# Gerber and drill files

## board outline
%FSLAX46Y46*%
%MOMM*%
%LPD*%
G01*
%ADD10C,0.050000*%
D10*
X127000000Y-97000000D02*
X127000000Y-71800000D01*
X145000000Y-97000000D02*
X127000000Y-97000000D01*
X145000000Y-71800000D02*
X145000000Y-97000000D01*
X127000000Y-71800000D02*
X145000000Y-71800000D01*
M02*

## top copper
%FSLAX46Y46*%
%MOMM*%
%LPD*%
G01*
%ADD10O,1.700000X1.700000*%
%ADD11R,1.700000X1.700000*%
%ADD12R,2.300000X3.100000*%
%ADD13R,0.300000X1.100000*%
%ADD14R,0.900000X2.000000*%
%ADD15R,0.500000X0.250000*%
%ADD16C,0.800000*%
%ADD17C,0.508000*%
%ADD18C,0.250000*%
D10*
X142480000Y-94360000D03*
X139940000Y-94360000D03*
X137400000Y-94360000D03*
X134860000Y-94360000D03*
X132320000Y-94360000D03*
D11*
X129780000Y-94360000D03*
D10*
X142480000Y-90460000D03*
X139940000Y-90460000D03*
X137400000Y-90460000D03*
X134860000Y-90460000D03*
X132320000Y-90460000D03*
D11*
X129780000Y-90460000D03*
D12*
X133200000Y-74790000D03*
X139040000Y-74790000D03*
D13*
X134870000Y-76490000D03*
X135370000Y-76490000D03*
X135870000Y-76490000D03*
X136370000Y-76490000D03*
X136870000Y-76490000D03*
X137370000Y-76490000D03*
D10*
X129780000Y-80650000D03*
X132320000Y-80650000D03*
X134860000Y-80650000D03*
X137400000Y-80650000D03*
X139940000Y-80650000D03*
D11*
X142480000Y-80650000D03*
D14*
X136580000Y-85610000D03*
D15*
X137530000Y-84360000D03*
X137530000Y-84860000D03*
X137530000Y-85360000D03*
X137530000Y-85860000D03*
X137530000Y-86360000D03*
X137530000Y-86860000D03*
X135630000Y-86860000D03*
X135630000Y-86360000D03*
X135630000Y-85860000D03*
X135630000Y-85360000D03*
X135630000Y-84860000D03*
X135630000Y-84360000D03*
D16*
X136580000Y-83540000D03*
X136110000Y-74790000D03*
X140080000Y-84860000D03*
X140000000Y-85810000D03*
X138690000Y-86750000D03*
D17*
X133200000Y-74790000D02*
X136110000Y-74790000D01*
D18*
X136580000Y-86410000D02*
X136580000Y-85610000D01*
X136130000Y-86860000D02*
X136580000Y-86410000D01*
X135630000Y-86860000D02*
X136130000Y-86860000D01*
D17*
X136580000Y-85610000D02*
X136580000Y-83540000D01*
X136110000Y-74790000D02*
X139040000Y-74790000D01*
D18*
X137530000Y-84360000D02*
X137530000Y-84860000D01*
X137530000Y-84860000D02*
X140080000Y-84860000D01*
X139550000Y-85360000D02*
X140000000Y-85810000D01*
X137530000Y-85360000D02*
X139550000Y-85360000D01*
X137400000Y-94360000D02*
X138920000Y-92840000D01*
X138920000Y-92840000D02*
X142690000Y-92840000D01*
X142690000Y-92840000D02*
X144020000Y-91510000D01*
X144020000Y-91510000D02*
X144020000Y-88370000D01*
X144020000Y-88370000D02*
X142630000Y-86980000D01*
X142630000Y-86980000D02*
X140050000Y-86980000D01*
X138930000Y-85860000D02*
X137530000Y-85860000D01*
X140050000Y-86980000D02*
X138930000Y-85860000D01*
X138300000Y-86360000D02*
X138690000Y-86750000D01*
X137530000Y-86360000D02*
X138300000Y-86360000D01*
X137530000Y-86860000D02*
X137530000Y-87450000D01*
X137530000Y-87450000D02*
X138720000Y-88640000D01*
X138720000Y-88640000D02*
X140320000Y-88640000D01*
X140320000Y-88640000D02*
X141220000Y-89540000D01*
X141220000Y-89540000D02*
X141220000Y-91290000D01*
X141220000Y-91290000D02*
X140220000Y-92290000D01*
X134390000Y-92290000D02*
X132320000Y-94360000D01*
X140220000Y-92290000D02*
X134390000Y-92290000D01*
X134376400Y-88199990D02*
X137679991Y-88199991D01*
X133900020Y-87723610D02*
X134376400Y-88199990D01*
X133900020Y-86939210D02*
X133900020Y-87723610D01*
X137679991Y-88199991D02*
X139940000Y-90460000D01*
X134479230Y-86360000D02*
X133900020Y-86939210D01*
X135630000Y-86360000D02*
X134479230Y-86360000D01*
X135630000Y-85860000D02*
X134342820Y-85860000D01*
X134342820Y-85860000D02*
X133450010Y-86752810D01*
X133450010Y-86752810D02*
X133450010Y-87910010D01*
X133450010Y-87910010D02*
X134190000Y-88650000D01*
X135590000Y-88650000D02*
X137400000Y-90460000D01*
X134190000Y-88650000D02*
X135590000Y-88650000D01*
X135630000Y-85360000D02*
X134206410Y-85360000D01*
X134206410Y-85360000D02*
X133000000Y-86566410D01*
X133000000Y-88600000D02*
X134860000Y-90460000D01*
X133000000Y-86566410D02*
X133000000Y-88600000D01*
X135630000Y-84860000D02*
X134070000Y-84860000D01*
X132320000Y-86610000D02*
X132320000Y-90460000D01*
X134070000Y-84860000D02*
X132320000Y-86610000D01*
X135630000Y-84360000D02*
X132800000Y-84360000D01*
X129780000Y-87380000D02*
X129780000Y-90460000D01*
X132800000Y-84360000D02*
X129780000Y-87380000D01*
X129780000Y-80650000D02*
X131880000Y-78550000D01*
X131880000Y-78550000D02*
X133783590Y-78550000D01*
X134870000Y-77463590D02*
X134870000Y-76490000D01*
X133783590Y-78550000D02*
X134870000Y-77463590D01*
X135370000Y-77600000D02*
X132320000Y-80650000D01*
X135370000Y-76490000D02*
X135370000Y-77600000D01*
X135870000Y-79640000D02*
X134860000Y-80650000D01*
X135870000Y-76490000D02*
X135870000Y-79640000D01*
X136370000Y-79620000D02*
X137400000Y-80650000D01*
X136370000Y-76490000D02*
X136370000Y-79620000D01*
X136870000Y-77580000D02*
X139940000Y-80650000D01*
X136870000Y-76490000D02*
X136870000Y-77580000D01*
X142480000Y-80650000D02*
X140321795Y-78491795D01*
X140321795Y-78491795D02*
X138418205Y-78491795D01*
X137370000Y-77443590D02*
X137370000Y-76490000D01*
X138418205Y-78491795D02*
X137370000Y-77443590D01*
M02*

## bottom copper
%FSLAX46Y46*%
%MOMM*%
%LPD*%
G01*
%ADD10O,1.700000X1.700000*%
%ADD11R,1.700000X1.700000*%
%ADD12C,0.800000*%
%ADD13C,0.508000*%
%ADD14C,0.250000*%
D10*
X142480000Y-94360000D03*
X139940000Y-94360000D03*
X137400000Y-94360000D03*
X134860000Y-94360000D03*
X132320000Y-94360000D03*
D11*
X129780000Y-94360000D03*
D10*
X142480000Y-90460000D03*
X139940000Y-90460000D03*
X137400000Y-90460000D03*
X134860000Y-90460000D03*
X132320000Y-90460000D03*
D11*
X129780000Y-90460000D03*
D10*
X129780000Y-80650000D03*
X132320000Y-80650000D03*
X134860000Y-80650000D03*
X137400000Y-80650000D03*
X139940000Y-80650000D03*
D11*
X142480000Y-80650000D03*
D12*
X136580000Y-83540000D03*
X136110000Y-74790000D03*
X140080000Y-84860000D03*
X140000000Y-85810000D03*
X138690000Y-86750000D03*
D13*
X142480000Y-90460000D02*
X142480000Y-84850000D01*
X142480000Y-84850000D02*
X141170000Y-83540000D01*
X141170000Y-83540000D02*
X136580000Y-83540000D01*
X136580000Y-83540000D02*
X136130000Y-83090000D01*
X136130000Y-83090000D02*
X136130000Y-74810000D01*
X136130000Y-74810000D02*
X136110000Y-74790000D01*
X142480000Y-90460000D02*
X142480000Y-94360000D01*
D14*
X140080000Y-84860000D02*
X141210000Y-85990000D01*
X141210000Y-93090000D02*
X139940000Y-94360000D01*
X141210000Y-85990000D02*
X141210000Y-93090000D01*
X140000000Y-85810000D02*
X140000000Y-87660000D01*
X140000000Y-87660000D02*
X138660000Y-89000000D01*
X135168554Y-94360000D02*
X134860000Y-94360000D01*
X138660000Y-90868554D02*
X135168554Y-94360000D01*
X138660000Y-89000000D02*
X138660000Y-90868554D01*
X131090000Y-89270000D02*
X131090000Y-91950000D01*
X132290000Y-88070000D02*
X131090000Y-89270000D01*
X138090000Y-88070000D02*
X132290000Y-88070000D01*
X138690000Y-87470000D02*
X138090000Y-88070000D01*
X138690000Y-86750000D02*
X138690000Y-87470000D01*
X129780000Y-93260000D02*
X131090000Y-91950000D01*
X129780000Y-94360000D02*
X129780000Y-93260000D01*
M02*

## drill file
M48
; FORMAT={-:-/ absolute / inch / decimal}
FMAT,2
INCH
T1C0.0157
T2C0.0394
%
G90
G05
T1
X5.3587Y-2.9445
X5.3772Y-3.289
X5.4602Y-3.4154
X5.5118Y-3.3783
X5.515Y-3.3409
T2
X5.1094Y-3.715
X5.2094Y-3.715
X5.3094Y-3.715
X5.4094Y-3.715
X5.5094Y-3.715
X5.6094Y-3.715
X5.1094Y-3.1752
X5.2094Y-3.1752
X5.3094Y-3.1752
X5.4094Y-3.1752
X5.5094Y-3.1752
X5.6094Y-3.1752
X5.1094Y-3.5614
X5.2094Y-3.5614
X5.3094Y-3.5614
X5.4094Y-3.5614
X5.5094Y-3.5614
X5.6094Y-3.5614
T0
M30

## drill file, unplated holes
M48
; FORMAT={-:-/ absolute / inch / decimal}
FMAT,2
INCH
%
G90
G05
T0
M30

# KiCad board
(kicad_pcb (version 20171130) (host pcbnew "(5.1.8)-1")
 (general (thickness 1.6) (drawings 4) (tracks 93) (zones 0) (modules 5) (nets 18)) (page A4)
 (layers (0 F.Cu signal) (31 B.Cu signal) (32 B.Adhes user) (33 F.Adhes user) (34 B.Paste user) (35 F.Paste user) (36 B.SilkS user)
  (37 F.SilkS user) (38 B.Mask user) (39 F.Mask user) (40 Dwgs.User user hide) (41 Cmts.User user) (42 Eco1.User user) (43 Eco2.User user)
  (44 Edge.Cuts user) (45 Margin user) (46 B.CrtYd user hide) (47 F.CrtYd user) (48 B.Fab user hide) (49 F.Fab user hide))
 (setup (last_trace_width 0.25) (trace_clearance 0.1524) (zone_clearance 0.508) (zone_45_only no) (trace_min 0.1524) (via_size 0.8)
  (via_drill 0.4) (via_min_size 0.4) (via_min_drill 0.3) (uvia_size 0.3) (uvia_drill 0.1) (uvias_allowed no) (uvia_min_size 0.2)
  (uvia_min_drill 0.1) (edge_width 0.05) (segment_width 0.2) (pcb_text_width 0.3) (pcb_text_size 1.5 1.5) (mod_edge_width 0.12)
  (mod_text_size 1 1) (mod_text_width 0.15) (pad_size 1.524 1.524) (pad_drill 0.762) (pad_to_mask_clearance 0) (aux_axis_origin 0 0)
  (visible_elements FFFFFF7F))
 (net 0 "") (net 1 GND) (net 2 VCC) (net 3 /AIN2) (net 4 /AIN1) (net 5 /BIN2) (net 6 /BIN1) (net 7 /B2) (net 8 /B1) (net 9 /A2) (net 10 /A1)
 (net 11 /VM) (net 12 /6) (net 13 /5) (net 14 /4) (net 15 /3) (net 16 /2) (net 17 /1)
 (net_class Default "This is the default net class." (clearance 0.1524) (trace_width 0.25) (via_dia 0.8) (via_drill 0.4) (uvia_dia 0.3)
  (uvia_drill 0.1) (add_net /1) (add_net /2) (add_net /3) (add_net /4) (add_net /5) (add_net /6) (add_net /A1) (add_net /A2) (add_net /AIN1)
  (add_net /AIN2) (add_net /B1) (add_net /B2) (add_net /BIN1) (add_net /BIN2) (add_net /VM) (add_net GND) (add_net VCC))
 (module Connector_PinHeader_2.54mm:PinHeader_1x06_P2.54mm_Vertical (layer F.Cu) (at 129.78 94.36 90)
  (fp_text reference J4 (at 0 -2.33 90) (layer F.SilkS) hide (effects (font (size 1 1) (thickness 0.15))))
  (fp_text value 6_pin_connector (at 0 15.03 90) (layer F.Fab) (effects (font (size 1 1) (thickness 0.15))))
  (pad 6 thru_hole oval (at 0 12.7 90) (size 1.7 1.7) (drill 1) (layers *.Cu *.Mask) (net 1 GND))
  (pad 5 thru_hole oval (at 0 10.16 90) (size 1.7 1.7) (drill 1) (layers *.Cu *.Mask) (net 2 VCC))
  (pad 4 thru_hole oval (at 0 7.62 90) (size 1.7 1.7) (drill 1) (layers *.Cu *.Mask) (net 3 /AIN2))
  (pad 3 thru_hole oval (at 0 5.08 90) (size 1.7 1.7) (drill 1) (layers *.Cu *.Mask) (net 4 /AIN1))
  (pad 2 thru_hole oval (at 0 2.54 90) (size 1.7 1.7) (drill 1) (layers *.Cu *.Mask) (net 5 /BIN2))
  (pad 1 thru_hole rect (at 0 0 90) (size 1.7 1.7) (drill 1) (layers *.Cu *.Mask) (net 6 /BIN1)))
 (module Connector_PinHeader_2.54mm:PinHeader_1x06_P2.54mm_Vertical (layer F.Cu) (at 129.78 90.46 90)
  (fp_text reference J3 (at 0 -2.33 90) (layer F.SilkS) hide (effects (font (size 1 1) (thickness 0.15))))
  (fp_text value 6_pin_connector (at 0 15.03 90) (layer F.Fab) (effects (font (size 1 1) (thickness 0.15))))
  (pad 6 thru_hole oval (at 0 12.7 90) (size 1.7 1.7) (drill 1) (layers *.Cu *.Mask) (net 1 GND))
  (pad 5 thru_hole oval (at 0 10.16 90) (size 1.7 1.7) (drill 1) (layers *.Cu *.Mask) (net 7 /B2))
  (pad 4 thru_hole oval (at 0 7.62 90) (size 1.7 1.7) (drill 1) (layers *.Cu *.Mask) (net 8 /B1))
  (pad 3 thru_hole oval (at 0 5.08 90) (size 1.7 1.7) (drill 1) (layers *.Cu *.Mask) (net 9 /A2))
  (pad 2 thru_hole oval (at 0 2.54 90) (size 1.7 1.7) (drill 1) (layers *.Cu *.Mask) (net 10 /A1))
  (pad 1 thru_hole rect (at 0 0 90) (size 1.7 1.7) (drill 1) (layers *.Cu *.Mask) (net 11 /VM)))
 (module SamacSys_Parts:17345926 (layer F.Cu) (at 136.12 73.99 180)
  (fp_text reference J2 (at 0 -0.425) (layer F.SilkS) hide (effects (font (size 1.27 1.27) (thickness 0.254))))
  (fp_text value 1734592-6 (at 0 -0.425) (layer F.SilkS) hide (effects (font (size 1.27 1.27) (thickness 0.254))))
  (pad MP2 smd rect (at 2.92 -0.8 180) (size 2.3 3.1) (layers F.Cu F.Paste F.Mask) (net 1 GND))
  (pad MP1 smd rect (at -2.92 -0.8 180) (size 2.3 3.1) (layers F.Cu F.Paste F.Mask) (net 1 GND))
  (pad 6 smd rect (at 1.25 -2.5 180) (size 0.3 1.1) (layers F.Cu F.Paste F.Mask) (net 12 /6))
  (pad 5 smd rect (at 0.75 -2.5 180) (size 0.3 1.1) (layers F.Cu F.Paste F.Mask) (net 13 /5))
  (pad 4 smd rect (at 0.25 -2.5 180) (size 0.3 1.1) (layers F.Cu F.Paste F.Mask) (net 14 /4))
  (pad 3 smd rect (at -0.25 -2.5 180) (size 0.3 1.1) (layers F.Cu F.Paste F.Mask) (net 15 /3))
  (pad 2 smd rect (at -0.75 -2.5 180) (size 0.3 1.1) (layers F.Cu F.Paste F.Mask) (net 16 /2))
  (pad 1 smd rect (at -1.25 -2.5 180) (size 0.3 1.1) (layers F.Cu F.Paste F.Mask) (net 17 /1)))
════════════════
# WHAT IS EXPECTED
What you return must be an exact retyping of the lines above starting at the line with "(kicad_pcb (version 20171130)" and ending at the line with "(44 Edge.Cuts user)", and nothing besides.

# FINISHED TASK
(kicad_pcb (version 20171130) (host pcbnew "(5.1.8)-1")
 (general (thickness 1.6) (drawings 4) (tracks 93) (zones 0) (modules 5) (nets 18)) (page A4)
 (layers (0 F.Cu signal) (31 B.Cu signal) (32 B.Adhes user) (33 F.Adhes user) (34 B.Paste user) (35 F.Paste user) (36 B.SilkS user)
  (37 F.SilkS user) (38 B.Mask user) (39 F.Mask user) (40 Dwgs.User user hide) (41 Cmts.User user) (42 Eco1.User user) (43 Eco2.User user)
  (44 Edge.Cuts user) (45 Margin user) (46 B.CrtYd user hide) (47 F.CrtYd user) (48 B.Fab user hide) (49 F.Fab user hide))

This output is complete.